(Saved data entries)
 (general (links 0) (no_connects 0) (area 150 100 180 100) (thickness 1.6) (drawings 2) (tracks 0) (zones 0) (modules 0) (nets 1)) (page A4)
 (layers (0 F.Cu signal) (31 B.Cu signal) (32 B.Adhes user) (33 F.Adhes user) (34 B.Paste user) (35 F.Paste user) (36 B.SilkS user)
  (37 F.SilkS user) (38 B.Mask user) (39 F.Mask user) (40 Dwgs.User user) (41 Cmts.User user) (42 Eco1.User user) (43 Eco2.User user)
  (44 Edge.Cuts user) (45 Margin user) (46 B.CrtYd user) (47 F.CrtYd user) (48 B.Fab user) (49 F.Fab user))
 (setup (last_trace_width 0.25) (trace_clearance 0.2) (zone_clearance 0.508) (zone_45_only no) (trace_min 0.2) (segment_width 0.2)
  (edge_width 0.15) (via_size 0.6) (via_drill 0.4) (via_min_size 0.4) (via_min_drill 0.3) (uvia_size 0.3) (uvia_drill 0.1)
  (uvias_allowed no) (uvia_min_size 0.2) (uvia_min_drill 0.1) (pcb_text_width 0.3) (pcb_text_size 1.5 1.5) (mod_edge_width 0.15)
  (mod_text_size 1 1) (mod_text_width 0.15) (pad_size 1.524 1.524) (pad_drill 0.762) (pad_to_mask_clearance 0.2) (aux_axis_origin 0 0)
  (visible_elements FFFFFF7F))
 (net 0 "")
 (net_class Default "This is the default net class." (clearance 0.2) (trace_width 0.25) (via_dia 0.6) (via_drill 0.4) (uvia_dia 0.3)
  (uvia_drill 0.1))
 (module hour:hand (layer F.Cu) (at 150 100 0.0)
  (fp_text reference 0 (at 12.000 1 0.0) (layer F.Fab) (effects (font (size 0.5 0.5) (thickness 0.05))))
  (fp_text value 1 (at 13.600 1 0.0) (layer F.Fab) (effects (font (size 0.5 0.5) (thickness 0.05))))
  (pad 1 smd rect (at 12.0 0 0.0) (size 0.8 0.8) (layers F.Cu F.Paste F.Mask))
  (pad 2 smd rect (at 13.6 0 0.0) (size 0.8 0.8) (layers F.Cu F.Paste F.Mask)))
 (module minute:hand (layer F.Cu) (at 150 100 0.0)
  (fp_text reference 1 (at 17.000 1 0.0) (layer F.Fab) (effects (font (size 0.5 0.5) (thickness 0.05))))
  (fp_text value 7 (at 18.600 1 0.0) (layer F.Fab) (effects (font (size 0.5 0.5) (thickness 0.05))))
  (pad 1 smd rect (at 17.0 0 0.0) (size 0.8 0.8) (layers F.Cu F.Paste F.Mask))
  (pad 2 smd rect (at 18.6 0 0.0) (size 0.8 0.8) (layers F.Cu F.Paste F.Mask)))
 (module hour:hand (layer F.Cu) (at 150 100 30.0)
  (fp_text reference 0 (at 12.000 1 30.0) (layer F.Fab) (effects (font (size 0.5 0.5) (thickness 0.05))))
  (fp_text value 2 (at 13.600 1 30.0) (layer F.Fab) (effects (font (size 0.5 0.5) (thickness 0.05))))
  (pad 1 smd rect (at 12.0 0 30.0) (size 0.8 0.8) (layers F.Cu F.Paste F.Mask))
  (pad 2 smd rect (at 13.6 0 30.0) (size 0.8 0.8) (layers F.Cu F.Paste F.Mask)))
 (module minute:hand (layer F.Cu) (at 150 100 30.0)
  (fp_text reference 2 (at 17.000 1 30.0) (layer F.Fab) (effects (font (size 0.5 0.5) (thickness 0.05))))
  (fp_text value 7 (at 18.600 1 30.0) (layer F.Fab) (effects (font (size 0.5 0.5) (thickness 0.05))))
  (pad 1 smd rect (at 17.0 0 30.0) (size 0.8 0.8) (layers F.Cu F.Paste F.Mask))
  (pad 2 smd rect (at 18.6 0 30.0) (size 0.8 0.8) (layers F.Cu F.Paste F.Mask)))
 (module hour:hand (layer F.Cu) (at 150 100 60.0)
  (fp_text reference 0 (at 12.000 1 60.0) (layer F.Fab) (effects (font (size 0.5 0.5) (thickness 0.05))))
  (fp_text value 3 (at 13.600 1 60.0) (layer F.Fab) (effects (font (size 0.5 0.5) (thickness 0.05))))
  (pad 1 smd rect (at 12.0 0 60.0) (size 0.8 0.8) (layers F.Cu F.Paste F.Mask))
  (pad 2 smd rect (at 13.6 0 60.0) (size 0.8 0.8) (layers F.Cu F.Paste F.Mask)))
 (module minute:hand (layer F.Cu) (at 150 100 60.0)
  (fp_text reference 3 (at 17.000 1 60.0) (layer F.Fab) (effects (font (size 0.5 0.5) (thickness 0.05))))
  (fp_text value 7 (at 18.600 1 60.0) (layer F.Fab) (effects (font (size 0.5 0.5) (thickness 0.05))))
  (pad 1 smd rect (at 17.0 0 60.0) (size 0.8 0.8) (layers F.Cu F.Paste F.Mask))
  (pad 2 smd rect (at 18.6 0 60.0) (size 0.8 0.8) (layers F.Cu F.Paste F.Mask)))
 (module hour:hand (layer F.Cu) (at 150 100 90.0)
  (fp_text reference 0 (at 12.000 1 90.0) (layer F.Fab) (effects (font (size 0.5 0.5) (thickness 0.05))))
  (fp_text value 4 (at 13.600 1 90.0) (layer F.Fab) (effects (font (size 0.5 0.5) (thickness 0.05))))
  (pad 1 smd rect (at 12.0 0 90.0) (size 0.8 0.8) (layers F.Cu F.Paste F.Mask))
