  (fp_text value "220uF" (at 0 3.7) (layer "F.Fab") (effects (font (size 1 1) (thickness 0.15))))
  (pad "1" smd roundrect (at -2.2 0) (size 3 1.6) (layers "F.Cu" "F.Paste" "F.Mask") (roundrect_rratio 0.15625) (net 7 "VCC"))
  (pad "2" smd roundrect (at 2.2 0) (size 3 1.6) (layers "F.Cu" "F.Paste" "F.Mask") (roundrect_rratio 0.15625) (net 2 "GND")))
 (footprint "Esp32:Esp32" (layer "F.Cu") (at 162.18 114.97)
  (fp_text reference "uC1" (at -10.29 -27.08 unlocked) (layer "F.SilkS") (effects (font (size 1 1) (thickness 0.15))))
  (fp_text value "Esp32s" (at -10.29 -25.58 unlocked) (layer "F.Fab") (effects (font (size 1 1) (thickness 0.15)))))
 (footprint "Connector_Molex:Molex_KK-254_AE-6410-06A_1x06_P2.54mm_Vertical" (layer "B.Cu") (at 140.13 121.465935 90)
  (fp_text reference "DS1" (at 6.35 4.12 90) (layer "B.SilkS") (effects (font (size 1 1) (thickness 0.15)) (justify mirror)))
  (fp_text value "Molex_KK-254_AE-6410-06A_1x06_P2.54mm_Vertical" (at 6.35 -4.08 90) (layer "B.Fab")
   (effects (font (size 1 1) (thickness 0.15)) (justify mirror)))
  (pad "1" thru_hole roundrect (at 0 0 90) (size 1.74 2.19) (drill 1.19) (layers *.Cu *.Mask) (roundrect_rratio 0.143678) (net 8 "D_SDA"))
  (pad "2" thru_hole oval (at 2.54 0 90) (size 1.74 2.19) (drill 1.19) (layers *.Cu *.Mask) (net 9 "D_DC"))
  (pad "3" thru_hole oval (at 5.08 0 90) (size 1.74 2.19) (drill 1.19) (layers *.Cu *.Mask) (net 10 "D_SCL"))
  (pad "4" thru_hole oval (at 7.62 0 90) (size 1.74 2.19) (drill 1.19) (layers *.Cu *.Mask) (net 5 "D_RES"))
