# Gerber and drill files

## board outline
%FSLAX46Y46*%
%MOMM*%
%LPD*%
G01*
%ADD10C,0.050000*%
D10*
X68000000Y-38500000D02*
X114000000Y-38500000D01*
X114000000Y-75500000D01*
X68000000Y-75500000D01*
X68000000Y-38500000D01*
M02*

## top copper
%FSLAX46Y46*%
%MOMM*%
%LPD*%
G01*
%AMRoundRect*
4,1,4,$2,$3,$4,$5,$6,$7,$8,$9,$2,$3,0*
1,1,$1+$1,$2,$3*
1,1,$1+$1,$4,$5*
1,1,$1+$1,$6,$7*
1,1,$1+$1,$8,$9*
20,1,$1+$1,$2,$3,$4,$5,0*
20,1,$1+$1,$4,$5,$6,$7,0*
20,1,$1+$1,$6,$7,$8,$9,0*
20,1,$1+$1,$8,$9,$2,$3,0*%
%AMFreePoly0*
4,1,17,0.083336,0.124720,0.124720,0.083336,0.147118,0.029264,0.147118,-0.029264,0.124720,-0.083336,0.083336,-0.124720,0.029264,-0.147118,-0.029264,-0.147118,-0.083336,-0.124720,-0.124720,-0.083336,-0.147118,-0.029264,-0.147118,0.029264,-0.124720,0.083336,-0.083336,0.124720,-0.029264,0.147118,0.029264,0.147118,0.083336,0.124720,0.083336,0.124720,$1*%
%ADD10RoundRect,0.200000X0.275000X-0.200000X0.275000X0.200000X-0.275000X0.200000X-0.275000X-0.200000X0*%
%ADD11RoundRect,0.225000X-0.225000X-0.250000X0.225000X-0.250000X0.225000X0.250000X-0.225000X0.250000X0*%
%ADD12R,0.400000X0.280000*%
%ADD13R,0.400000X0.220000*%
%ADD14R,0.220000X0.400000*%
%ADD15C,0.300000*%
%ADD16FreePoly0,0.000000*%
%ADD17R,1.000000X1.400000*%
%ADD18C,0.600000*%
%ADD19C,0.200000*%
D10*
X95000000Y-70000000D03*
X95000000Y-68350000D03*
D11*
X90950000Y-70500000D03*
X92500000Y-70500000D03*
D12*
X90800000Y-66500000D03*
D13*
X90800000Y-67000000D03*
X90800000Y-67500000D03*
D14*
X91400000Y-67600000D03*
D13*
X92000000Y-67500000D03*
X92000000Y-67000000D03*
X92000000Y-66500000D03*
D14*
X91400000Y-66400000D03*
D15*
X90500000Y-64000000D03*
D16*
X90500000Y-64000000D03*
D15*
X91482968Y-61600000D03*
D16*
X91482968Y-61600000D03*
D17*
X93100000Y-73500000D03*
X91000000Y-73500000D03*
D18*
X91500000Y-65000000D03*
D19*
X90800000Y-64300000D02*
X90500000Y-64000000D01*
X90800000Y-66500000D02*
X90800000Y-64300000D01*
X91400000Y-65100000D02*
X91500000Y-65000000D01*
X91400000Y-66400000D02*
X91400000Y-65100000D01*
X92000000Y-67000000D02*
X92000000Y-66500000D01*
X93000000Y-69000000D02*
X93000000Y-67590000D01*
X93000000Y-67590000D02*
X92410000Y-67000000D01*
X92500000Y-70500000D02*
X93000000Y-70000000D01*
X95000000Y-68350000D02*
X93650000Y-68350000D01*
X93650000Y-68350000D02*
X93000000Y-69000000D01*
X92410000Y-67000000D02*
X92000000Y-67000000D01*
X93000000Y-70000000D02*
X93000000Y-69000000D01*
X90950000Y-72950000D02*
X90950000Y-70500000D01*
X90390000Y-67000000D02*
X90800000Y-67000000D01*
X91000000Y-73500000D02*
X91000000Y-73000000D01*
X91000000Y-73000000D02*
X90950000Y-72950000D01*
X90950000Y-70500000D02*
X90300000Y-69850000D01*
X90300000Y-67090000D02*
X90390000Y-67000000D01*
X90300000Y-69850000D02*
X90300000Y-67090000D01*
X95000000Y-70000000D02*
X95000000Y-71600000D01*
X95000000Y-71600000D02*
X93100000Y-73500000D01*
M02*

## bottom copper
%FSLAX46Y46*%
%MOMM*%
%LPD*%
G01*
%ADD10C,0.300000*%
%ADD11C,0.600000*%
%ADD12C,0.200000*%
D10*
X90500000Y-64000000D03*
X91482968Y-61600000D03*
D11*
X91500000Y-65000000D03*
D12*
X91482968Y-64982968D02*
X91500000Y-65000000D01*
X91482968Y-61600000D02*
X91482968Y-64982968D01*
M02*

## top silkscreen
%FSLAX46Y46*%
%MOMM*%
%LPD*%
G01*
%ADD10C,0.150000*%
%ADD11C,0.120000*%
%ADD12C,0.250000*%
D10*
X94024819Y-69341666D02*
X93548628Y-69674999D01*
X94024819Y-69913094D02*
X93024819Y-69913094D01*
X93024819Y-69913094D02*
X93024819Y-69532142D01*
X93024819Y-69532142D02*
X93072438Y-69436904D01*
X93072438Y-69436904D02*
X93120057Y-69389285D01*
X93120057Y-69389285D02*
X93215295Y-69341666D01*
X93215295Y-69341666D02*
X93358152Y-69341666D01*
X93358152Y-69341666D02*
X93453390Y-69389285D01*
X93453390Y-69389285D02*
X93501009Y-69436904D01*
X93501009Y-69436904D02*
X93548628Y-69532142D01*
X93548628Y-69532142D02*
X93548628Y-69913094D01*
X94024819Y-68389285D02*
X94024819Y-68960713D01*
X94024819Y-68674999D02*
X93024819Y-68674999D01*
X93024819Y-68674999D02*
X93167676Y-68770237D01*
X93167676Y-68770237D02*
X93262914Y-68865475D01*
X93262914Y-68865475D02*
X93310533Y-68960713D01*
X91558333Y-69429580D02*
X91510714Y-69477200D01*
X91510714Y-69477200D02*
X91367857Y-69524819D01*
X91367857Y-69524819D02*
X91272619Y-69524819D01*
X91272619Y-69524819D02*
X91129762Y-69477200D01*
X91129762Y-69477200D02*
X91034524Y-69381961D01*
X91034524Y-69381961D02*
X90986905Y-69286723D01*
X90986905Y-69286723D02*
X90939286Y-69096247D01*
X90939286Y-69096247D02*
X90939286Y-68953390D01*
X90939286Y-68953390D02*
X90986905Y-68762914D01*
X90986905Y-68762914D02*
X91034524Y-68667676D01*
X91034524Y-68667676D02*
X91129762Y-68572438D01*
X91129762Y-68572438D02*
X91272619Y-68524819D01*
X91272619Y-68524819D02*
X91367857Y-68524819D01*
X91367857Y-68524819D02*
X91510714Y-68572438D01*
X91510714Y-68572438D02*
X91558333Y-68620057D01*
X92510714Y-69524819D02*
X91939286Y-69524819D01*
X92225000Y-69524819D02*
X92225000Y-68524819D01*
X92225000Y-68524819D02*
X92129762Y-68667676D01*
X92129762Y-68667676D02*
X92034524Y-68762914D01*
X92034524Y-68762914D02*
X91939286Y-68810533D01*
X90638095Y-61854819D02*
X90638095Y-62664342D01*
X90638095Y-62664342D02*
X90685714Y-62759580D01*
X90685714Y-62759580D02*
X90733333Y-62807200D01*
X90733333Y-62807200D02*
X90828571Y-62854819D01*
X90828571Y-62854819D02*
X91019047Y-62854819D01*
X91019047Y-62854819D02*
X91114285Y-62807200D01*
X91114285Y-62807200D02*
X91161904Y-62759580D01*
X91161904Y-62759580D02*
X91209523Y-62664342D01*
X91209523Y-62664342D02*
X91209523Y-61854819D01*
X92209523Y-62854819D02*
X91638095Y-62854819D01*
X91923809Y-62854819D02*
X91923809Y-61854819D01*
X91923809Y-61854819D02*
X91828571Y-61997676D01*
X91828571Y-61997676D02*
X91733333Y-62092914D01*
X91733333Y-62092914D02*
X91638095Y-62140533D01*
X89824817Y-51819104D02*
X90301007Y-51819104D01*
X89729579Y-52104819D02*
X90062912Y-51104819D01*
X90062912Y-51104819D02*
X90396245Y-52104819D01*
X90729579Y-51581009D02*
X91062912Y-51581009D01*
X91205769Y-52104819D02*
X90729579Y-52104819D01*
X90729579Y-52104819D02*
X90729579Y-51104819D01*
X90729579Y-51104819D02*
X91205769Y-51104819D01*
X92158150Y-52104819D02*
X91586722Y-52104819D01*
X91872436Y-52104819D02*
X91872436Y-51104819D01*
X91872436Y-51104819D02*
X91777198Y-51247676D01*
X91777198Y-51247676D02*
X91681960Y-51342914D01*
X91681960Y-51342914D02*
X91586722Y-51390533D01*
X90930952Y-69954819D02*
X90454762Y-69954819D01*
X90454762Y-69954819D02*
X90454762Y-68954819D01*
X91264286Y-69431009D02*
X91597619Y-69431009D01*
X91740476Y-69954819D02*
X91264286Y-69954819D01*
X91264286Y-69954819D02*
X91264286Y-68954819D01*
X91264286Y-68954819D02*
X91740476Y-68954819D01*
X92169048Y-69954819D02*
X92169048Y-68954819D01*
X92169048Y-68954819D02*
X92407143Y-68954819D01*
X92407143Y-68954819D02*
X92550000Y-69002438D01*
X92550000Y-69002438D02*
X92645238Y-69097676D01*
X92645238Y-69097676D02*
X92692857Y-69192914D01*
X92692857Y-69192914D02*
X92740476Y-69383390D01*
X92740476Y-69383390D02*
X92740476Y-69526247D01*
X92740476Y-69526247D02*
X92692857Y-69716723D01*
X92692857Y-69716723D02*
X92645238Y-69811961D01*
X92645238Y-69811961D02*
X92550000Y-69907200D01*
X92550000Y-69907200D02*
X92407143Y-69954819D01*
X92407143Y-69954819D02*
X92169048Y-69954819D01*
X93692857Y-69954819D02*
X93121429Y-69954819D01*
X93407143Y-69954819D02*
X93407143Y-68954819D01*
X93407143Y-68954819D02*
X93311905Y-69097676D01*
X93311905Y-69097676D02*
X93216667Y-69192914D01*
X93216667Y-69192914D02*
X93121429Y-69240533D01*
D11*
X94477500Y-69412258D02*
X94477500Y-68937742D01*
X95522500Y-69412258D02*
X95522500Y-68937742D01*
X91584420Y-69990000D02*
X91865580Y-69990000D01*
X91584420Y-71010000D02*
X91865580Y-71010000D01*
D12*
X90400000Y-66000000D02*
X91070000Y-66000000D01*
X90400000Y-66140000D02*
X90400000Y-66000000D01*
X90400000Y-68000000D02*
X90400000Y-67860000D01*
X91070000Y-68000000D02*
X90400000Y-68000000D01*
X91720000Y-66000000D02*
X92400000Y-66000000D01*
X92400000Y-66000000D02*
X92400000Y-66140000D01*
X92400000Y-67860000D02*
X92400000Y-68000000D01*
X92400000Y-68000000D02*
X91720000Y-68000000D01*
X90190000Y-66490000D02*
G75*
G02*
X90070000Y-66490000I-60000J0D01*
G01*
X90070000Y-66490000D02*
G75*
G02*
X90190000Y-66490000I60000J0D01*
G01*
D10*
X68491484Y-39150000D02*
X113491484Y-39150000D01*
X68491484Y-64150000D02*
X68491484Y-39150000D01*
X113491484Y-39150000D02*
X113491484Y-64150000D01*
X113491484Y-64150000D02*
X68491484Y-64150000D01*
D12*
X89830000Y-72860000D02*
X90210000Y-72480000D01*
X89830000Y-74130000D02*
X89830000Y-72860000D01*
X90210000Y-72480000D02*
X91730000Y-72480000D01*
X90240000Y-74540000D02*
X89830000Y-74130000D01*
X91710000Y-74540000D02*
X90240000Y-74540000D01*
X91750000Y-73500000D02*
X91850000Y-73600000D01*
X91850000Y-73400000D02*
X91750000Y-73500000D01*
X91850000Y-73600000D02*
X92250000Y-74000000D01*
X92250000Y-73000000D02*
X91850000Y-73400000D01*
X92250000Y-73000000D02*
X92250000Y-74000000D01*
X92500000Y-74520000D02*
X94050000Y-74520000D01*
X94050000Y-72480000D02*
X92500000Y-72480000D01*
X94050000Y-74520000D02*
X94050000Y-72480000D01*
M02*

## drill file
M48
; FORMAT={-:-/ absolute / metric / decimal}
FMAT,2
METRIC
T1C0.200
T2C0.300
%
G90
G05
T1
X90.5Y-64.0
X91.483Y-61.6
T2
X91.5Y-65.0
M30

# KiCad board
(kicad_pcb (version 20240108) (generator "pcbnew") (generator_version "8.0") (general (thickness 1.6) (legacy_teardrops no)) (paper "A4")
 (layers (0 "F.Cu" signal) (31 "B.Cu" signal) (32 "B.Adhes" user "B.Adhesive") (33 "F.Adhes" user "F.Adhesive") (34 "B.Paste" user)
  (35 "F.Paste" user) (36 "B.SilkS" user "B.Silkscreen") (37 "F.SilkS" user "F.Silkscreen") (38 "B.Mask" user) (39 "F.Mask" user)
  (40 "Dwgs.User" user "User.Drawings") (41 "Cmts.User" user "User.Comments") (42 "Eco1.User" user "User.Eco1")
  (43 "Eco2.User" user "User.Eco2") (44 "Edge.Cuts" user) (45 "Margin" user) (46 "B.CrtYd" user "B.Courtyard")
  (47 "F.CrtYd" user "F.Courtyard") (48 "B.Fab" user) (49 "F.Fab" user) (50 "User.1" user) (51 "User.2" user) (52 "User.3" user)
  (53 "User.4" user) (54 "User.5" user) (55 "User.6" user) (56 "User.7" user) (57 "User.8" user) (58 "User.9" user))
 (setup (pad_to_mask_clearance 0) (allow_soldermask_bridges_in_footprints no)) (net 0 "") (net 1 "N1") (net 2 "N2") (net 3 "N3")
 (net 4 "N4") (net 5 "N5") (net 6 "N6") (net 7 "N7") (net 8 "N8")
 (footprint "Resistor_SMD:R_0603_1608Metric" (layer "F.Cu") (at 95 69.175 90)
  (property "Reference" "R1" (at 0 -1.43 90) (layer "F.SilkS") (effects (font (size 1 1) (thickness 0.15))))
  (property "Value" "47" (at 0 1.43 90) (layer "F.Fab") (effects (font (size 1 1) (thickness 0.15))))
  (fp_line (start -0.237258 -0.5225) (end 0.237258 -0.5225) (stroke (width 0.12) (type solid)) (layer "F.SilkS"))
  (fp_line (start -0.237258 0.5225) (end 0.237258 0.5225) (stroke (width 0.12) (type solid)) (layer "F.SilkS"))
  (pad "1" smd roundrect (at -0.825 0 90) (size 0.8 0.95) (layers "F.Cu" "F.Paste" "F.Mask") (roundrect_rratio 0.25) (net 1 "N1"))
  (pad "2" smd roundrect (at 0.825 0 90) (size 0.8 0.95) (layers "F.Cu" "F.Paste" "F.Mask") (roundrect_rratio 0.25) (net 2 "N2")))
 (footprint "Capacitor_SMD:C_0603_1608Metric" (layer "F.Cu") (at 91.725 70.5)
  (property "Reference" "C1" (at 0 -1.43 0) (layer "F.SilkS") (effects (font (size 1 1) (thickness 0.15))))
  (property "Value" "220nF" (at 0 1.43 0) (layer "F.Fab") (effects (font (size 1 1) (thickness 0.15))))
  (fp_line (start -0.14058 -0.51) (end 0.14058 -0.51) (stroke (width 0.12) (type solid)) (layer "F.SilkS"))
  (fp_line (start -0.14058 0.51) (end 0.14058 0.51) (stroke (width 0.12) (type solid)) (layer "F.SilkS"))
  (pad "1" smd roundrect (at -0.775 0) (size 0.9 0.95) (layers "F.Cu" "F.Paste" "F.Mask") (roundrect_rratio 0.25) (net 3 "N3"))
  (pad "2" smd roundrect (at 0.775 0) (size 0.9 0.95) (layers "F.Cu" "F.Paste" "F.Mask") (roundrect_rratio 0.25) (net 2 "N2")))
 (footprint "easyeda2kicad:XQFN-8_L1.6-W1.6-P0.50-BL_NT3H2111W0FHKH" (layer "F.Cu") (at 91.4 67)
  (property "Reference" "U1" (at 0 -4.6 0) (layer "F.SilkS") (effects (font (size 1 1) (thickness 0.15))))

### EXERCISE PROMPT
Copy the entries above exactly, but only from the line holding "X93358152Y-69341666D02*" through the line holding "X90638095Y-62664342D01*", both included.

### EXERCISE SOLUTION
X93358152Y-69341666D02*
X93453390Y-69389285D01*
X93453390Y-69389285D02*
X93501009Y-69436904D01*
X93501009Y-69436904D02*
X93548628Y-69532142D01*
X93548628Y-69532142D02*
X93548628Y-69913094D01*
X94024819Y-68389285D02*
X94024819Y-68960713D01*
X94024819Y-68674999D02*
X93024819Y-68674999D01*
X93024819Y-68674999D02*
X93167676Y-68770237D01*
X93167676Y-68770237D02*
X93262914Y-68865475D01*
X93262914Y-68865475D02*
X93310533Y-68960713D01*
X91558333Y-69429580D02*
X91510714Y-69477200D01*
X91510714Y-69477200D02*
X91367857Y-69524819D01*
X91367857Y-69524819D02*
X91272619Y-69524819D01*
X91272619Y-69524819D02*
X91129762Y-69477200D01*
X91129762Y-69477200D02*
X91034524Y-69381961D01*
X91034524Y-69381961D02*
X90986905Y-69286723D01*
X90986905Y-69286723D02*
X90939286Y-69096247D01*
X90939286Y-69096247D02*
X90939286Y-68953390D01*
X90939286Y-68953390D02*
X90986905Y-68762914D01*
X90986905Y-68762914D02*
X91034524Y-68667676D01*
X91034524Y-68667676D02*
X91129762Y-68572438D01*
X91129762Y-68572438D02*
X91272619Y-68524819D01*
X91272619Y-68524819D02*
X91367857Y-68524819D01*
X91367857Y-68524819D02*
X91510714Y-68572438D01*
X91510714Y-68572438D02*
X91558333Y-68620057D01*
X92510714Y-69524819D02*
X91939286Y-69524819D01*
X92225000Y-69524819D02*
X92225000Y-68524819D01*
X92225000Y-68524819D02*
X92129762Y-68667676D01*
X92129762Y-68667676D02*
X92034524Y-68762914D01*
X92034524Y-68762914D02*
X91939286Y-68810533D01*
X90638095Y-61854819D02*
X90638095Y-62664342D01*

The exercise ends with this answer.